##### RECORDS FOR THE TASK

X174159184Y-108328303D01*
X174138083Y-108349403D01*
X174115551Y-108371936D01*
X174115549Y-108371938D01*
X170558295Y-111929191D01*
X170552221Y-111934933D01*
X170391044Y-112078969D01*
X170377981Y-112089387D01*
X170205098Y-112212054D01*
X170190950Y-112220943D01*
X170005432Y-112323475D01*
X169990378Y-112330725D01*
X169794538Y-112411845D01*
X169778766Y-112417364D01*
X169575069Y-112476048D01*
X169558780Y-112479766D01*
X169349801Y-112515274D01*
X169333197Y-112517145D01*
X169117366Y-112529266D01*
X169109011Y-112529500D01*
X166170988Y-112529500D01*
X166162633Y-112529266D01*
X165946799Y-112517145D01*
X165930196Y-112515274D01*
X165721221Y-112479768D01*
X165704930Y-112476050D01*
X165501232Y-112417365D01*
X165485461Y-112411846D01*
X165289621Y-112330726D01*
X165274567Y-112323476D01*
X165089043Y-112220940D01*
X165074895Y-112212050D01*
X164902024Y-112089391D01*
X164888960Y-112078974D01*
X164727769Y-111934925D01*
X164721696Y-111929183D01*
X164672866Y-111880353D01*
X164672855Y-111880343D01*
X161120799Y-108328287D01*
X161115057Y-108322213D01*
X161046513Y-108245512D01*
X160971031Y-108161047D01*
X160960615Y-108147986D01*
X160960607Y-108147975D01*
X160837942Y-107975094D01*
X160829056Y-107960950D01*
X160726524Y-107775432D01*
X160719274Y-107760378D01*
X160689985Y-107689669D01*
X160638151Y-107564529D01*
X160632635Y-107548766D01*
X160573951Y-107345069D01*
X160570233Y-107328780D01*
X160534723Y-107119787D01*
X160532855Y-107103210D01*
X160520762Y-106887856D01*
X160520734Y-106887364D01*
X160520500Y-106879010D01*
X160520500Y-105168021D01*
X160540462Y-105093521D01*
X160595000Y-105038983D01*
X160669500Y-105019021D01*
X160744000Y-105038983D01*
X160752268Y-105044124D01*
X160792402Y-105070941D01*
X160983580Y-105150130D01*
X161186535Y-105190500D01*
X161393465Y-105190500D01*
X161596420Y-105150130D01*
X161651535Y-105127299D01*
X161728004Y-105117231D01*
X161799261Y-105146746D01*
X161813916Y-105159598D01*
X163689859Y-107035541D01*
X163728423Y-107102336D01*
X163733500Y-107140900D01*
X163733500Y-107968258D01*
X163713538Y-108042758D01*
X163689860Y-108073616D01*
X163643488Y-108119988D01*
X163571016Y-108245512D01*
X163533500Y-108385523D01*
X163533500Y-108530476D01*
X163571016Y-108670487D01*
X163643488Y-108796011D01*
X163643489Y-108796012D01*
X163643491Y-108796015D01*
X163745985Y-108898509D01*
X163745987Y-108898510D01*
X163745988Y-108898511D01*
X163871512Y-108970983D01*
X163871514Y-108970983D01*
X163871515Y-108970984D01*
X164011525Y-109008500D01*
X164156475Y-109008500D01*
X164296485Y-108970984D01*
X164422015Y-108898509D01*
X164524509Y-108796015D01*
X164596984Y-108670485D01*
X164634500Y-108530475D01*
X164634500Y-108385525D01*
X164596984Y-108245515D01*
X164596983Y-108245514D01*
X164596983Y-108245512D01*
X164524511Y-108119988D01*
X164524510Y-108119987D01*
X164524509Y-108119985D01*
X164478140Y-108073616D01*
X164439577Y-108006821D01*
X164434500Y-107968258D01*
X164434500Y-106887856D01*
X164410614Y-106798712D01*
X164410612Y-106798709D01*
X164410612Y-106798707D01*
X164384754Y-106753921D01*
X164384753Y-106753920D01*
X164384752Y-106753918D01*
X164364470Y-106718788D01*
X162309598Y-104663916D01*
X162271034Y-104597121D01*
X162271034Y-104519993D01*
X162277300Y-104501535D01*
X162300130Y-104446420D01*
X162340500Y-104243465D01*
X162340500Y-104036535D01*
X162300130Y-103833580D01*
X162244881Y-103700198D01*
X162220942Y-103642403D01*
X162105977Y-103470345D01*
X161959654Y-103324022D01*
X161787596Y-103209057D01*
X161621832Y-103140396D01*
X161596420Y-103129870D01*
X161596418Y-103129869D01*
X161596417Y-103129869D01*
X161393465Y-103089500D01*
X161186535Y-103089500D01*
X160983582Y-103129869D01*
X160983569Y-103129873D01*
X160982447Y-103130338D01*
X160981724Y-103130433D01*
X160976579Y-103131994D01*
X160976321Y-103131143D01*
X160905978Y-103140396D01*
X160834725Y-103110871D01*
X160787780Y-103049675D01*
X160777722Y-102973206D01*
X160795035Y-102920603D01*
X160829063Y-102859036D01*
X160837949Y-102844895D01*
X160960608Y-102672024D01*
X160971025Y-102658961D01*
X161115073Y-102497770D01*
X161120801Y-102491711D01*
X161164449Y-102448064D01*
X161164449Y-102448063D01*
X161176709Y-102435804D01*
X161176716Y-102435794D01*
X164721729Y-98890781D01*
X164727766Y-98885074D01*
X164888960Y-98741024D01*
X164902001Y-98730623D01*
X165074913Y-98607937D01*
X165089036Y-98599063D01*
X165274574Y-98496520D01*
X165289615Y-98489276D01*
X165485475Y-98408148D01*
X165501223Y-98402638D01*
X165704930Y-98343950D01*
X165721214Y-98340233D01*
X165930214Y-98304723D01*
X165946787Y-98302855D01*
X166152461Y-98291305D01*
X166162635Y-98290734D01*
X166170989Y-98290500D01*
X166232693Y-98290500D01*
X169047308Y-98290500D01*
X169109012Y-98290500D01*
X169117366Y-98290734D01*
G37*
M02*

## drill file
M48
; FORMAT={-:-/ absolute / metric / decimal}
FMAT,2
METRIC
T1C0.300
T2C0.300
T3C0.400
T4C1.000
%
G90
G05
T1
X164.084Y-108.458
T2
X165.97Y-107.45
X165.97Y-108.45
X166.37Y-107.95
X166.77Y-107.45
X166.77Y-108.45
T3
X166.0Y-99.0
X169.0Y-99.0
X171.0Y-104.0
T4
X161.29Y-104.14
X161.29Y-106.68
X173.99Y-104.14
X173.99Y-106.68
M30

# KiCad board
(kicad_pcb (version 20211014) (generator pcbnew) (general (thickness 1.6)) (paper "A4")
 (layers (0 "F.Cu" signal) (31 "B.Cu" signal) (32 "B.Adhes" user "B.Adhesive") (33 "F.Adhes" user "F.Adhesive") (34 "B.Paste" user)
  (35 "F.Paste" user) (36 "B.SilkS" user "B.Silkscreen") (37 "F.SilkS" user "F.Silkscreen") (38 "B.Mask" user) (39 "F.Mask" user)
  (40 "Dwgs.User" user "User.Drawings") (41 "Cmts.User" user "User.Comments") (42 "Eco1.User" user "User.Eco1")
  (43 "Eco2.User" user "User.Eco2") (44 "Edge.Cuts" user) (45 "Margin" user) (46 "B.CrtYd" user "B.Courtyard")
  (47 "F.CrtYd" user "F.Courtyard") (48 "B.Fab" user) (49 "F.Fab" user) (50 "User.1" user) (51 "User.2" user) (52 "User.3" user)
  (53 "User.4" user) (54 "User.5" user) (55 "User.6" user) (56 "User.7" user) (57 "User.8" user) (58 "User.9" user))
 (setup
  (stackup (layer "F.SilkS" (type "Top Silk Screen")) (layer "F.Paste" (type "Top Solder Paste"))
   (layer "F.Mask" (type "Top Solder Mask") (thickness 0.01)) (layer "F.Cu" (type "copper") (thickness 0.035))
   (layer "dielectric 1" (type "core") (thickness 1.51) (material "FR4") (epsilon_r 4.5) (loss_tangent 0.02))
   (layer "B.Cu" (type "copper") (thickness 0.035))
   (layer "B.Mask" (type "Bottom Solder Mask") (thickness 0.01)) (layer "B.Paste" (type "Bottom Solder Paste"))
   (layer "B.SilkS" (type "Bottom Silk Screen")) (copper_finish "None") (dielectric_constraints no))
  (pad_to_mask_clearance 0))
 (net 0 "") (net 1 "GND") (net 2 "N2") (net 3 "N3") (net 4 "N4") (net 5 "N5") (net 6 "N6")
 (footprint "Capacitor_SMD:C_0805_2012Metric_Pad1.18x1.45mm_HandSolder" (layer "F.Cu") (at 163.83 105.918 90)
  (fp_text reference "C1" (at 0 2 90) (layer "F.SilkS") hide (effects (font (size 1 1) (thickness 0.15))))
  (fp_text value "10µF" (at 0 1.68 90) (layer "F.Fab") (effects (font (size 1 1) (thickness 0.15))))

##########

State the number of lines above that include the word "size", and write nothing besides that number.

**EXERCISE SOLUTION:**
2